II. Die Berufung des Beklagten zu 2) wird mit der Maßgabe zurückgewiesen, daß festgestellt wird, daß das Arbeitsverhältnis der Klägerin zu dem Beklagten zu 2) über den 30. Juni 1991 hinaus fortbesteht.

III. Die Gerichtskosten tragen die Klägerin und der Beklagte zu 2) je zur Hälfte.

Von den außergerichtlichen Kosten trägt die Klägerin die der Beklagten zu 1) ganz und die eigenen zur Hälfte. Der Beklagte zu 2) trägt die eigenen außergerichtlichen Kosten und die Hälfte der der Klägerin entstandenen außergerichtlichen Kosten.

IV. Die Revision wird zugelassen.

 

Tatbestand

Die am 21. September 1951 geborene Klägerin war seit dem 1. September 1971 auf der Grundlage eines mit dem Präsidium der Deutschen Volkspolizei geschlossenen Dienstvertrages als Physiothorapeutin beim Sportmedizinischen Dienst des Sportclubs (SC) … im Sportforum im Ostteil Berlins gegen ein monatliches Entgelt in Höhe von zuletzt ca. 2.095,– DM netto beschäftigt.

Der SC … stand neben anderen Leistungssportvereinen unter der Dachorganisation der Sportvereinigung (SV) … (vgl. insofern das Organigramm Bl. 104 d.A.). Die SV … war die Spitzenorganisation der Schutz- und Sicherheitsorgane der DDR. Träger der SV … waren ursprünglich das Ministerium für Staatssicherheit, das Ministerium des Innern und die Zollverwaltung. Der Präsident der SV … war der Minister für Staatssicherheit persönlich. Nach der Auflösung des Ministeriums für Staatssicherheit bzw. des Arztes für Nationale Sicherheit wurde die Trägerschaft ausschließlich dem Ministerium des Innern zugeordnet; im September 1990 wurde die SV … in Polizeisportvereinigung … umbenannt.

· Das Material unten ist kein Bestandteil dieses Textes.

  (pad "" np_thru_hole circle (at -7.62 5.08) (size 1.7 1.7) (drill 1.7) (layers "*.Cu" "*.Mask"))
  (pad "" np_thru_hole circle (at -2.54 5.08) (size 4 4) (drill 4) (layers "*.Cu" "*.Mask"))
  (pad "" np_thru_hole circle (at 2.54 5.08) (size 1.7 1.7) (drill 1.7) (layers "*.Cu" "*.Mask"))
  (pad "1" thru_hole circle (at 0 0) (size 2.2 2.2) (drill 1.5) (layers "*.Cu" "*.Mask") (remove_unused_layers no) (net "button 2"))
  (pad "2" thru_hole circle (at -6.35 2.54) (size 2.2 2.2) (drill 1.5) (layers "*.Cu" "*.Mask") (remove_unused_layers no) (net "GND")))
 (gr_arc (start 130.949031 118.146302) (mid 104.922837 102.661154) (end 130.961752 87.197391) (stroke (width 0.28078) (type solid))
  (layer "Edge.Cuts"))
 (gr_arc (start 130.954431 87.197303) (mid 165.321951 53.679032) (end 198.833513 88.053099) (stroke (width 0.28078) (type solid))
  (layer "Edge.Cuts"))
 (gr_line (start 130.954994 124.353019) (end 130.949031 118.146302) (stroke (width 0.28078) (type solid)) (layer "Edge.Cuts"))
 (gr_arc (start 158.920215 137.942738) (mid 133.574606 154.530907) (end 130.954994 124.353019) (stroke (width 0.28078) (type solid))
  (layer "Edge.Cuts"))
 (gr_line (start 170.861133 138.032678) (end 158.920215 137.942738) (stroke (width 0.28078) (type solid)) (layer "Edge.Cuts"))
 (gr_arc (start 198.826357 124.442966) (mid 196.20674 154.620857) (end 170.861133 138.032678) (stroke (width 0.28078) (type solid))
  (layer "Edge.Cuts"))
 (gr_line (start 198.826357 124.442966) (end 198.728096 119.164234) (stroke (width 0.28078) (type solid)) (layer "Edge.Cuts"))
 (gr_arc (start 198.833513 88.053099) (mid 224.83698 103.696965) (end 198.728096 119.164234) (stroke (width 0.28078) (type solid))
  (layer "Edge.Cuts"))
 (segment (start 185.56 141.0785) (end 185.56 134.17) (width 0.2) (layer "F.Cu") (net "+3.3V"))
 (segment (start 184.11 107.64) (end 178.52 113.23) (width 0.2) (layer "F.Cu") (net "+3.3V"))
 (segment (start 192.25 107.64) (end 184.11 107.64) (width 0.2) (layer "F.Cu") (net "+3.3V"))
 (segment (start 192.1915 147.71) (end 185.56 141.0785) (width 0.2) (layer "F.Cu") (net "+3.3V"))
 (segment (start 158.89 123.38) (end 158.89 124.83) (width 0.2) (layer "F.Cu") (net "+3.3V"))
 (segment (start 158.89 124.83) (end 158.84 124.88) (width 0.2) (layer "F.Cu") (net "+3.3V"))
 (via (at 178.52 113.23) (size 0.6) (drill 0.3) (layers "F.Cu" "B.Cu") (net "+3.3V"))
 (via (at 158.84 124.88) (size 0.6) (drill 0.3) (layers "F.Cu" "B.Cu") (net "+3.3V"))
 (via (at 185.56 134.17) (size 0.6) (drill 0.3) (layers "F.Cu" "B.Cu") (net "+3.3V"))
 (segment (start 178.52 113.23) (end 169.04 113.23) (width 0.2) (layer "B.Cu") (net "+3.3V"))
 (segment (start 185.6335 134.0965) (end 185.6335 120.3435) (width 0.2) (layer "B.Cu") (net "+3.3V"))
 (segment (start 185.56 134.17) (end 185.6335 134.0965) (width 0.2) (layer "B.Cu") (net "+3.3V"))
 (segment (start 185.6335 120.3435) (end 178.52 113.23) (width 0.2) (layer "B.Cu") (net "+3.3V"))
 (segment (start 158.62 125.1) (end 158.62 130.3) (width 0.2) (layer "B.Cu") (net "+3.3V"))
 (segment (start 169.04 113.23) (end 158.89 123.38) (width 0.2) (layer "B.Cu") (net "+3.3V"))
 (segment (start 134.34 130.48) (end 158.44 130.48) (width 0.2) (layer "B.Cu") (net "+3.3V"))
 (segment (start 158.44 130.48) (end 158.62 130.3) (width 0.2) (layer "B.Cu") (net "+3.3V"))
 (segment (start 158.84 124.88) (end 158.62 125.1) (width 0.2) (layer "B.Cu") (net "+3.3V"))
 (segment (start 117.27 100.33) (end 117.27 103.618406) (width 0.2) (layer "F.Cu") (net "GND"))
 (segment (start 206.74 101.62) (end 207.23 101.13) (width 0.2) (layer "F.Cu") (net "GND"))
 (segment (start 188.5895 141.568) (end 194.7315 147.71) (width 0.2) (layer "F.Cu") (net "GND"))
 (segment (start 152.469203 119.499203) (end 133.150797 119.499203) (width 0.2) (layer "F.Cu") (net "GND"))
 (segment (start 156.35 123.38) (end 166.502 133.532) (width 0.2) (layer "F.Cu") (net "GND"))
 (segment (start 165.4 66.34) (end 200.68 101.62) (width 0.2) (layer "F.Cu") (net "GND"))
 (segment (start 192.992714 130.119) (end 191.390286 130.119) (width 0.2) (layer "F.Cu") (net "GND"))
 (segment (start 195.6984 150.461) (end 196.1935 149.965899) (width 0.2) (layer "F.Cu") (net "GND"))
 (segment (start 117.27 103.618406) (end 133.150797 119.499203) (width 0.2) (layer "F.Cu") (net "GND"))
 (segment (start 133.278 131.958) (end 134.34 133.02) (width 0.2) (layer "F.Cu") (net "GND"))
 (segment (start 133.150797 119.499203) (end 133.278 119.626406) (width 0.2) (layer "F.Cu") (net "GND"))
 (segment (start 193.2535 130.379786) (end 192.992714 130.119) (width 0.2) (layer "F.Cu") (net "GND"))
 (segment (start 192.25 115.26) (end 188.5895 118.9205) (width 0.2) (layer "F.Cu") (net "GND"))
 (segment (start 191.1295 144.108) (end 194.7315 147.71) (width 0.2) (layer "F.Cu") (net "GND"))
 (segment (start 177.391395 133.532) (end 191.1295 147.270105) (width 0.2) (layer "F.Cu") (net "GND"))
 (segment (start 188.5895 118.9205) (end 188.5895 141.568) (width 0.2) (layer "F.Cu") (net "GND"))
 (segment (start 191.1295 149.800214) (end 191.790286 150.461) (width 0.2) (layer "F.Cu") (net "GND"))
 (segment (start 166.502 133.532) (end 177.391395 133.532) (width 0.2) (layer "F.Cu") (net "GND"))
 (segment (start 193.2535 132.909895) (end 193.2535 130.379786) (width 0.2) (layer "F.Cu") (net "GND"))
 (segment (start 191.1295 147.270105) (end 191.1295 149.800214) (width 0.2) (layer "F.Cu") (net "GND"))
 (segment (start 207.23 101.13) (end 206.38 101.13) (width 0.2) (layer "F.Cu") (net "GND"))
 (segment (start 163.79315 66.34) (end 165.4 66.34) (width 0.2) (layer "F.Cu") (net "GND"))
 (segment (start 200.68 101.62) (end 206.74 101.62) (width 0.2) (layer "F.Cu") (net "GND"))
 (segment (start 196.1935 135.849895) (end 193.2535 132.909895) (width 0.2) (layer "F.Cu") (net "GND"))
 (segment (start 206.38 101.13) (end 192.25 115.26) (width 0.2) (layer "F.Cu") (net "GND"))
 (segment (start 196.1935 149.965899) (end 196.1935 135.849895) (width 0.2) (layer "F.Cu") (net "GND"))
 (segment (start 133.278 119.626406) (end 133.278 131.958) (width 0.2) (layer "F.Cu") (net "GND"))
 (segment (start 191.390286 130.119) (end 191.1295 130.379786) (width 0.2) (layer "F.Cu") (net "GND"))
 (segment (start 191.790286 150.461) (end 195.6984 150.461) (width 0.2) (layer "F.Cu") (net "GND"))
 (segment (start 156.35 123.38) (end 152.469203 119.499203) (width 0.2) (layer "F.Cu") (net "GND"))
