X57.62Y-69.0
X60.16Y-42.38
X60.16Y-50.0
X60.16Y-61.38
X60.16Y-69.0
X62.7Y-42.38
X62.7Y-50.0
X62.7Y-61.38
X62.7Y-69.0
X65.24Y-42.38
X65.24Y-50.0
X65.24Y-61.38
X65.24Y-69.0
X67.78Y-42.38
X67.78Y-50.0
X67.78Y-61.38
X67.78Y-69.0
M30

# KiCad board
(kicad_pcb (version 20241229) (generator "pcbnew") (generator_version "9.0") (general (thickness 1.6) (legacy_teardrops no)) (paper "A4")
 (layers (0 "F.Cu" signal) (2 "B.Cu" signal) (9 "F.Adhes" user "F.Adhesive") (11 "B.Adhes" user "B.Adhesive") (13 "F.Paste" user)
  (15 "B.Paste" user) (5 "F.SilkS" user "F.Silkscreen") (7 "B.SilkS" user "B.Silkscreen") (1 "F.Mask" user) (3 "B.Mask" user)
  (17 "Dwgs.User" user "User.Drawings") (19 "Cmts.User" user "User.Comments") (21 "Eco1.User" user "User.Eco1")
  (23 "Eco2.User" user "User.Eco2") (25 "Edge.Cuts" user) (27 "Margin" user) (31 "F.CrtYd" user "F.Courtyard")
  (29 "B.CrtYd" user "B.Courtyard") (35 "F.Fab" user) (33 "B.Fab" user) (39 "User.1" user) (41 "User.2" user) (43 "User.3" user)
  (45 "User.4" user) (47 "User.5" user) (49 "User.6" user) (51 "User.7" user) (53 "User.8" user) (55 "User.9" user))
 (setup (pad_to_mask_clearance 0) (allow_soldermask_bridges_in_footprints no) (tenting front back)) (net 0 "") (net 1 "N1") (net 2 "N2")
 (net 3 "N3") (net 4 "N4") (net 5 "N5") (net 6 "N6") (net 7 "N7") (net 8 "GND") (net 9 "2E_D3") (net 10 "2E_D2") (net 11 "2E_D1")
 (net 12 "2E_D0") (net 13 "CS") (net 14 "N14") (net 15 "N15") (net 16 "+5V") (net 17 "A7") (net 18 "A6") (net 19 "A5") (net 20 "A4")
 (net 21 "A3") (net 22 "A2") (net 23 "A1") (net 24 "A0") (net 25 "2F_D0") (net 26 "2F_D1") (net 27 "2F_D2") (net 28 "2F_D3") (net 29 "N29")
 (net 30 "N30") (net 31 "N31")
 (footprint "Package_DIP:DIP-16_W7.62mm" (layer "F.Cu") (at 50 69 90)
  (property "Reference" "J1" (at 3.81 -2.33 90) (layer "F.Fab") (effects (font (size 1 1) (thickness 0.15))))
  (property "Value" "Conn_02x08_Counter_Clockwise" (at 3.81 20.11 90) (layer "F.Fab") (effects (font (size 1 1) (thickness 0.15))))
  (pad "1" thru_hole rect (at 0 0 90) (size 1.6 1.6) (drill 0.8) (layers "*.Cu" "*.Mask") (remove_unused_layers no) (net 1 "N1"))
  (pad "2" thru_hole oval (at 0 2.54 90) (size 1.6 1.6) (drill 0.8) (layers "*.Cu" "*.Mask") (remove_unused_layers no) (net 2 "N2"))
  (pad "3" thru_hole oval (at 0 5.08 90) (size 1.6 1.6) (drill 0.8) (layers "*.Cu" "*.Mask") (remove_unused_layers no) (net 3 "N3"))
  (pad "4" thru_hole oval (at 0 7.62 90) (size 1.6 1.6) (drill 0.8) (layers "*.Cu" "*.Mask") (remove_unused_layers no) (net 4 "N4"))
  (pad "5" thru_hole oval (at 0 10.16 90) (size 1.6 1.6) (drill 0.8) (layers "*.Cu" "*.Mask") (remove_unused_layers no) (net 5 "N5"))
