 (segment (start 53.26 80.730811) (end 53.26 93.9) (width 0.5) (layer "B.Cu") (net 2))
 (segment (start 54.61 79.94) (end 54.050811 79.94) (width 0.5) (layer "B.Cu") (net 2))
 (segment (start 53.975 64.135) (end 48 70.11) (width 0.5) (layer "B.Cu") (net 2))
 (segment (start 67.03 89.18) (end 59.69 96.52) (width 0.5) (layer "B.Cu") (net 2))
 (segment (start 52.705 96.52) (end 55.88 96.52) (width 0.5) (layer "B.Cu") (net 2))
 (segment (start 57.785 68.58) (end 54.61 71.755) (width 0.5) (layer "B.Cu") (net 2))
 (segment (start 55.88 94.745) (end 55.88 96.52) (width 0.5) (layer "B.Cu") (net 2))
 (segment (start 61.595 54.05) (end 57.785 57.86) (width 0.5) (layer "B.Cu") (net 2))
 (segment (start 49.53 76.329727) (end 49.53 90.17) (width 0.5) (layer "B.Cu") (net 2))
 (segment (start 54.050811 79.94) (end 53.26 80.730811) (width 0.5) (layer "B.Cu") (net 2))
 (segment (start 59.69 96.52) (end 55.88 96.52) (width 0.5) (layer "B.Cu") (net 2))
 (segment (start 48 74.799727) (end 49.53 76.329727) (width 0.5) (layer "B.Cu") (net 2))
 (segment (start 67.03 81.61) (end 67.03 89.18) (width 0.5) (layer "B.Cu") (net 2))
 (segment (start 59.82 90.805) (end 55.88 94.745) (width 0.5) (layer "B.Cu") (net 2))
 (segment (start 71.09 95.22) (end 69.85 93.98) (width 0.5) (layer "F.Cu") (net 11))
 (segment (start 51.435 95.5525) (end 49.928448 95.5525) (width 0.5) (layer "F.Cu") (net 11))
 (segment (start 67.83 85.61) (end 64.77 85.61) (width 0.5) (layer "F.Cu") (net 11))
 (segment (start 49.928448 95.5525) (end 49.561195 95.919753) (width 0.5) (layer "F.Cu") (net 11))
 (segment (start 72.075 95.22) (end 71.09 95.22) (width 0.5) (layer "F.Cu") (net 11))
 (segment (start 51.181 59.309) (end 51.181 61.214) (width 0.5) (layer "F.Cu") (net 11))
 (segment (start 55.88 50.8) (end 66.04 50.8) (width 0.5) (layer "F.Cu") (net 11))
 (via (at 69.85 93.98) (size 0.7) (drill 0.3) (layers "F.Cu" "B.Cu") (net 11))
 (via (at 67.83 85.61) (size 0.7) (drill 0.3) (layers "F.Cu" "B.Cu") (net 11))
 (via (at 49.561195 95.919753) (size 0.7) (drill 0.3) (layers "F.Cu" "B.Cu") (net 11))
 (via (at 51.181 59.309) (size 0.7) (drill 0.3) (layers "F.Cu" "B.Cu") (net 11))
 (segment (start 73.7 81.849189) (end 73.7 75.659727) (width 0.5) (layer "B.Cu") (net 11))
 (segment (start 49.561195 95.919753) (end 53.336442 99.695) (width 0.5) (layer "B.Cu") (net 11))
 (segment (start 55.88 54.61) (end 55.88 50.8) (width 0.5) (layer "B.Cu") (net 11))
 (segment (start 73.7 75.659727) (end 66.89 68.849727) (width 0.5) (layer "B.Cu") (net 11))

Die Aufgaben der SV … beschränkten sich nicht auf den Leistungssport. Schwerpunkt war die Sichtung, Auswahl und sportliche Förderung von Kindern und Jugendlichen für eine leistungssportliche Entwicklung. Die Tätigkeit des Sportmedizinischen Dienstes des SC … beinhaltete ausschließlich die Betreuung der Leistungssportler dieses Sportclubs einschließlich kurativer Maßnahmen (auch stationär). Im Sportmedizinischen Dienst waren per Stichtag 15. Oktober 1990 noch 198 Mitarbeiter tätig, von denen 30 ebenso wie die Klägerin unmittelbar im sportmedizinischen Bereich in der Abteilung Physiotherapie eingesetzt waren. Ihrer Qualifikation nach waren diese 30 Mitarbeiter Physiotherapeuten bzw. Fachphysiotherapeuten für Sportmedizin.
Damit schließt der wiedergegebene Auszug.